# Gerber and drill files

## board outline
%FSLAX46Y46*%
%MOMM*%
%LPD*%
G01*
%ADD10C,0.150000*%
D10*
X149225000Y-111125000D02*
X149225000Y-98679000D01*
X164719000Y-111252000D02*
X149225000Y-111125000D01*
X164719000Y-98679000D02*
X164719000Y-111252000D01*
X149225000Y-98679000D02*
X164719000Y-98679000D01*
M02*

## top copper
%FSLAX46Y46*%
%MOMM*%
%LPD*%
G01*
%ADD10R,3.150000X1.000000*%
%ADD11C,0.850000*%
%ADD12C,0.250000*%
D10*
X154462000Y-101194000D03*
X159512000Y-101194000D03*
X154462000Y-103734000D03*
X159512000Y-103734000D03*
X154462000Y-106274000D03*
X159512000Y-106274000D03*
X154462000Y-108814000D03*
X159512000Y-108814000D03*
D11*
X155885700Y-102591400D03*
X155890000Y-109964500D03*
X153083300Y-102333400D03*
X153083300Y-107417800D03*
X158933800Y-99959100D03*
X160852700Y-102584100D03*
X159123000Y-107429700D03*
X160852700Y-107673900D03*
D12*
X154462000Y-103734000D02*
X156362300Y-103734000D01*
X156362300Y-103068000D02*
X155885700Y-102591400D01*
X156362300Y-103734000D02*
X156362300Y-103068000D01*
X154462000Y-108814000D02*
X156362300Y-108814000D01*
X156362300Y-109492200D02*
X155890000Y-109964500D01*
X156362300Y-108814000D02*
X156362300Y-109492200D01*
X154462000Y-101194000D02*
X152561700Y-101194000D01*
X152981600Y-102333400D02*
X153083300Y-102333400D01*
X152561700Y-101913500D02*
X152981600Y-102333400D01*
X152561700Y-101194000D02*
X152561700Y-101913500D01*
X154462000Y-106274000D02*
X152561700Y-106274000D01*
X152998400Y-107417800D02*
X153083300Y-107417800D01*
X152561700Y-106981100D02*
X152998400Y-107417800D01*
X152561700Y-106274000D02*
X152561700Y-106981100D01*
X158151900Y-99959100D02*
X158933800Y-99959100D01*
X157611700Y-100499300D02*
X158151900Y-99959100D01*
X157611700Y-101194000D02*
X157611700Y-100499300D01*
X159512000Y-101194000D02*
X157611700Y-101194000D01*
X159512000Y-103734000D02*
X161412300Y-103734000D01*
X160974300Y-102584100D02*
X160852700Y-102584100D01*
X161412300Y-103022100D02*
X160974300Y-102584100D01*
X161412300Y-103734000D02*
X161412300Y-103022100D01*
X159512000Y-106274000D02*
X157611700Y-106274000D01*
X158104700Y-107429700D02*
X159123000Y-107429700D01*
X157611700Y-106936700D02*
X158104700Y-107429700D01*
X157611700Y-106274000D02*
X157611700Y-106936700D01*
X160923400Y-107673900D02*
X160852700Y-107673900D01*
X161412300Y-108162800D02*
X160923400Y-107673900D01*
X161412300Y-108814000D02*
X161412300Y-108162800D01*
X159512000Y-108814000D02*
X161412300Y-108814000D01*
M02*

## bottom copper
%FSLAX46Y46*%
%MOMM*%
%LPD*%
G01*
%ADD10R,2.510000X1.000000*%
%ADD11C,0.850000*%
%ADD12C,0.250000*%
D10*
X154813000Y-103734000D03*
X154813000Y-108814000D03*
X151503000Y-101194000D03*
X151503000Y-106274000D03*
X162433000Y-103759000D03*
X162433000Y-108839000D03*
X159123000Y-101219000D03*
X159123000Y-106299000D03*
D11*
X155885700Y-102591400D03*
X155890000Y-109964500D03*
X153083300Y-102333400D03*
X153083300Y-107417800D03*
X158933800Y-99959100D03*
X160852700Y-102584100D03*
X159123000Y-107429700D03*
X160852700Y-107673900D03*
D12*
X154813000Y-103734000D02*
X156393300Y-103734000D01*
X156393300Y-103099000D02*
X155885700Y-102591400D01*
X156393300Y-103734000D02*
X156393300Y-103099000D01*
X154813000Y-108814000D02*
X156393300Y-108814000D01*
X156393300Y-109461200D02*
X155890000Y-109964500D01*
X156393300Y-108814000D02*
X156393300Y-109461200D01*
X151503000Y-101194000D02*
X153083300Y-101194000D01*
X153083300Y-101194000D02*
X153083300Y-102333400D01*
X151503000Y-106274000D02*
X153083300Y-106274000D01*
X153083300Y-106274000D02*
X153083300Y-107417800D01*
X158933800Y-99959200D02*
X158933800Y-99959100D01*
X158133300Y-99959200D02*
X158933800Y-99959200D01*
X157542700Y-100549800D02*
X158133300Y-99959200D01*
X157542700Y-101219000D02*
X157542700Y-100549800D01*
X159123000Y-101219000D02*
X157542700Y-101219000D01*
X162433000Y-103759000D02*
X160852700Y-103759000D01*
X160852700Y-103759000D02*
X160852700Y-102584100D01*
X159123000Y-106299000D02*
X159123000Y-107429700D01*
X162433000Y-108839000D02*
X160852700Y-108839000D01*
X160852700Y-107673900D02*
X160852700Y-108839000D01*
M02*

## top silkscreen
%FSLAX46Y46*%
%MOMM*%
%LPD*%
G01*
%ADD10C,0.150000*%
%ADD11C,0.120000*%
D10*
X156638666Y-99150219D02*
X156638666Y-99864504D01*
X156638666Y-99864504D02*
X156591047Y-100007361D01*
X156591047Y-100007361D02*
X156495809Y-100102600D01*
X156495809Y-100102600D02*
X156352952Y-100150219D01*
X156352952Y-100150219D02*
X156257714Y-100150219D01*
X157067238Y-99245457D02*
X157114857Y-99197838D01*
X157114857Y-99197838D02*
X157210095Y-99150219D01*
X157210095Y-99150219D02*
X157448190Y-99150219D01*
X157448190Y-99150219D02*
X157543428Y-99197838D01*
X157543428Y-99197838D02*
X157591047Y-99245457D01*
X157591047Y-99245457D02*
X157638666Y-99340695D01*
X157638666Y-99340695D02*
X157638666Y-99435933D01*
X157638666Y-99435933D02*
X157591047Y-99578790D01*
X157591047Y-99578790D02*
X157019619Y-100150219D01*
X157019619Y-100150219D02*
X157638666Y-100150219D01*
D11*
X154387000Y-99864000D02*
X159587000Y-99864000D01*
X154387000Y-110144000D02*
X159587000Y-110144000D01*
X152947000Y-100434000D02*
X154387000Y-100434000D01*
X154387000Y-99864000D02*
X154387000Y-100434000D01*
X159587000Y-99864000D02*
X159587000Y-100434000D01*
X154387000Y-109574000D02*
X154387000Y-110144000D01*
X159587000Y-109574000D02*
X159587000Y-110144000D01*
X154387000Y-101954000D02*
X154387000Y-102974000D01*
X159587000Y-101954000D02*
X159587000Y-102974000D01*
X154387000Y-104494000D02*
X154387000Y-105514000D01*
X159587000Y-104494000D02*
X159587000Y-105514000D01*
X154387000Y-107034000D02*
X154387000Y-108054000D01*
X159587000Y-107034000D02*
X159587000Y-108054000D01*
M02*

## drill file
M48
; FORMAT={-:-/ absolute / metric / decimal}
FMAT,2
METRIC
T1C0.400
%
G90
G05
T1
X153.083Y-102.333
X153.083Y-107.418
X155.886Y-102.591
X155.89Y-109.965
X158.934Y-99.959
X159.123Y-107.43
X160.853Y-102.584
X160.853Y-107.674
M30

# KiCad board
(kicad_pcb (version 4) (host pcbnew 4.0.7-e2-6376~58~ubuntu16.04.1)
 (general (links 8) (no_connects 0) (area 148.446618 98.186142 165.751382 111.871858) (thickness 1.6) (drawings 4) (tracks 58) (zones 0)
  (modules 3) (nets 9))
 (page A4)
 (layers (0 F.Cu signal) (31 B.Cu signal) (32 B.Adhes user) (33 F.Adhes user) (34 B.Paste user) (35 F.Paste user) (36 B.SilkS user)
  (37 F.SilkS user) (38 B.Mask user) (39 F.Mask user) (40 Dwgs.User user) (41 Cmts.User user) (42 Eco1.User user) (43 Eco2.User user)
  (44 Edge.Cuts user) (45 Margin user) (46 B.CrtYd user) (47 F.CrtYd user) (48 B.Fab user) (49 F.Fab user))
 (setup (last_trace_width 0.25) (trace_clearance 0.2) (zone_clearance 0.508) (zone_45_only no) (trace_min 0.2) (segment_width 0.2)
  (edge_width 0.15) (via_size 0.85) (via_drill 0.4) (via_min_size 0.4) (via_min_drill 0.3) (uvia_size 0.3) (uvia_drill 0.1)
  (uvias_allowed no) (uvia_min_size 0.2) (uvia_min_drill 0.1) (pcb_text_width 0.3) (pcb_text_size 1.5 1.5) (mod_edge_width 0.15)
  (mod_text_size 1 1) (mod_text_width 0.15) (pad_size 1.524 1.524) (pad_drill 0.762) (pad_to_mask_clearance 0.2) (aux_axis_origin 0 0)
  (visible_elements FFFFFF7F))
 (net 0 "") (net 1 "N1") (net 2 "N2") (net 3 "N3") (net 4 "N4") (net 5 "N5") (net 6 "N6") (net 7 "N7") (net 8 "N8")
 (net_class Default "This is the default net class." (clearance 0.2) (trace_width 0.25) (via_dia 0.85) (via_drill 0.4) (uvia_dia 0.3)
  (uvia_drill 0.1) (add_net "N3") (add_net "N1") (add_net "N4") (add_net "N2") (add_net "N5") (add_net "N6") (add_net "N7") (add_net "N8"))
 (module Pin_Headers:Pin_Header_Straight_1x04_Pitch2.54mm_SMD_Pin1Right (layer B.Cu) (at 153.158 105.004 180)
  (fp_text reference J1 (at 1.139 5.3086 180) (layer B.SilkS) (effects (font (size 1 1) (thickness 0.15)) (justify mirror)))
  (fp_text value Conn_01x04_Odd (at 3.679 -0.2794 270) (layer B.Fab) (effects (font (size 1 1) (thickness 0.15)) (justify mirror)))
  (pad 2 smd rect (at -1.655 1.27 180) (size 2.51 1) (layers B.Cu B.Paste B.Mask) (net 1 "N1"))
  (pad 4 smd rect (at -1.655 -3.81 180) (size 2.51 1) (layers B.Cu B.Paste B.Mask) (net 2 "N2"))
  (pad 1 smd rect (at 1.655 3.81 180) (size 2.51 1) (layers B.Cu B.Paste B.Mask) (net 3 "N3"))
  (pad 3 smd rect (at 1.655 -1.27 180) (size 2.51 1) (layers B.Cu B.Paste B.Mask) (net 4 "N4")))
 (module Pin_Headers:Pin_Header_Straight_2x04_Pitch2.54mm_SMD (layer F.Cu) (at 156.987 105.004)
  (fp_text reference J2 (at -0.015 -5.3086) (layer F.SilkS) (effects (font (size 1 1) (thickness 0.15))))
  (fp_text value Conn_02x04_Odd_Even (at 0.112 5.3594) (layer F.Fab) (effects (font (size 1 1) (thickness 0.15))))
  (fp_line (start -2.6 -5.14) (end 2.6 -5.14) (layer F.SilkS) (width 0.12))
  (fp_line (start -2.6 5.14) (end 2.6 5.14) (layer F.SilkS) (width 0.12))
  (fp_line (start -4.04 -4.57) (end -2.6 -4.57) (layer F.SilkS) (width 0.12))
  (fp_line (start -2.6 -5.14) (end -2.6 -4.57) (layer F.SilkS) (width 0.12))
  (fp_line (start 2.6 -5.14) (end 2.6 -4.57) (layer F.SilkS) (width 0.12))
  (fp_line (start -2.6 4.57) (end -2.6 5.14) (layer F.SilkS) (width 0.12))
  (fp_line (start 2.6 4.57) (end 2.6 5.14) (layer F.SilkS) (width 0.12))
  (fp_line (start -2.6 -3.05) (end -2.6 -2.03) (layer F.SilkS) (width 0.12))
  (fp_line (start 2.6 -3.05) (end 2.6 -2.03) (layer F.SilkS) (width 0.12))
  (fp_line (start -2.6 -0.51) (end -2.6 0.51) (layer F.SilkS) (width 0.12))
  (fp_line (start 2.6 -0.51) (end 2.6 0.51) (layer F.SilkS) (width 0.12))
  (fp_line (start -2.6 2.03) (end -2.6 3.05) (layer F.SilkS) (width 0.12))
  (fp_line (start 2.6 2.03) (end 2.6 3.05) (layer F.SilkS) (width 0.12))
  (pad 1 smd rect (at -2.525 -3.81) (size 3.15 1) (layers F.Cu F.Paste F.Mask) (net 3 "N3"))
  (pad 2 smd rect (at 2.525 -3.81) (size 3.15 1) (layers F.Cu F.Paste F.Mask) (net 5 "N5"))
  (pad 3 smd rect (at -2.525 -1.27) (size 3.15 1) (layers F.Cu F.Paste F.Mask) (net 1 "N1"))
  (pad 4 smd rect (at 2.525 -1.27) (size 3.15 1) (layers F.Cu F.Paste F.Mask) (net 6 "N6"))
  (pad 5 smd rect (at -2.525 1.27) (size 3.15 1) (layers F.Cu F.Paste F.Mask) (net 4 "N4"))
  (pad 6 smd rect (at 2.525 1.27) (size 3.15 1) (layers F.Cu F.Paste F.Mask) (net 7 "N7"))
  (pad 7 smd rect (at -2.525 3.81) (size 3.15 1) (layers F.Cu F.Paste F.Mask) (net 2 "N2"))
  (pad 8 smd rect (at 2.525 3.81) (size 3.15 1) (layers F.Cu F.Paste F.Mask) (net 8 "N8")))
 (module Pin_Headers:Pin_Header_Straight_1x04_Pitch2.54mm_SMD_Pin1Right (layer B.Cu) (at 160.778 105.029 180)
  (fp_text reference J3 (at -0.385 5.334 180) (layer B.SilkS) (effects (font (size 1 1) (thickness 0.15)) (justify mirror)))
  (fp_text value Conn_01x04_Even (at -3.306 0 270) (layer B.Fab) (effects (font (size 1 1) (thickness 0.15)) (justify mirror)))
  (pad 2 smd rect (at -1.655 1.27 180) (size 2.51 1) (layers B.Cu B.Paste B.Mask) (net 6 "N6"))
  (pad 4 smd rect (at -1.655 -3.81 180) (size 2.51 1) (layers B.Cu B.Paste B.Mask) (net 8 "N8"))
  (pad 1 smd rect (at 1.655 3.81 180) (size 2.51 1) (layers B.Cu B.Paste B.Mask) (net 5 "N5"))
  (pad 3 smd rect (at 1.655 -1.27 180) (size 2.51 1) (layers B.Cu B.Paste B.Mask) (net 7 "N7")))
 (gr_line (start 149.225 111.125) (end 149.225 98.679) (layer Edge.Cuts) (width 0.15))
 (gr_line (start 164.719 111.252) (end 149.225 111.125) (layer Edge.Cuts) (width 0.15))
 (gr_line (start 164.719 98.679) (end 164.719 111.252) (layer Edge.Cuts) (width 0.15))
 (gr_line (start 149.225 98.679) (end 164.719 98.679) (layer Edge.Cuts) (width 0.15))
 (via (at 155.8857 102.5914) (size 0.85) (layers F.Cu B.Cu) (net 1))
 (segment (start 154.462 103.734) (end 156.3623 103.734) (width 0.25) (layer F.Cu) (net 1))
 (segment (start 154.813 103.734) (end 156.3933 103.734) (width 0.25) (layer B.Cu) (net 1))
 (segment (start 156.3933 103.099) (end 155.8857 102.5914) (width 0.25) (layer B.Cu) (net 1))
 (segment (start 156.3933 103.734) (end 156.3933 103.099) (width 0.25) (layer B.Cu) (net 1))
::::
▶ [HOW TO COMPLETE THIS TASK]
The lines from the beginning of the records through the line containing "X156362300Y-103068000D01*" should be reproduced exactly. Include nothing else.

▶ [ANSWER FOR THE TASK]
# Gerber and drill files

## board outline
%FSLAX46Y46*%
%MOMM*%
%LPD*%
G01*
%ADD10C,0.150000*%
D10*
X149225000Y-111125000D02*
X149225000Y-98679000D01*
X164719000Y-111252000D02*
X149225000Y-111125000D01*
X164719000Y-98679000D02*
X164719000Y-111252000D01*
X149225000Y-98679000D02*
X164719000Y-98679000D01*
M02*

## top copper
%FSLAX46Y46*%
%MOMM*%
%LPD*%
G01*
%ADD10R,3.150000X1.000000*%
%ADD11C,0.850000*%
%ADD12C,0.250000*%
D10*
X154462000Y-101194000D03*
X159512000Y-101194000D03*
X154462000Y-103734000D03*
X159512000Y-103734000D03*
X154462000Y-106274000D03*
X159512000Y-106274000D03*
X154462000Y-108814000D03*
X159512000Y-108814000D03*
D11*
X155885700Y-102591400D03*
X155890000Y-109964500D03*
X153083300Y-102333400D03*
X153083300Y-107417800D03*
X158933800Y-99959100D03*
X160852700Y-102584100D03*
X159123000Y-107429700D03*
X160852700Y-107673900D03*
D12*
X154462000Y-103734000D02*
X156362300Y-103734000D01*
X156362300Y-103068000D02*
X155885700Y-102591400D01*
X156362300Y-103734000D02*
X156362300Y-103068000D01*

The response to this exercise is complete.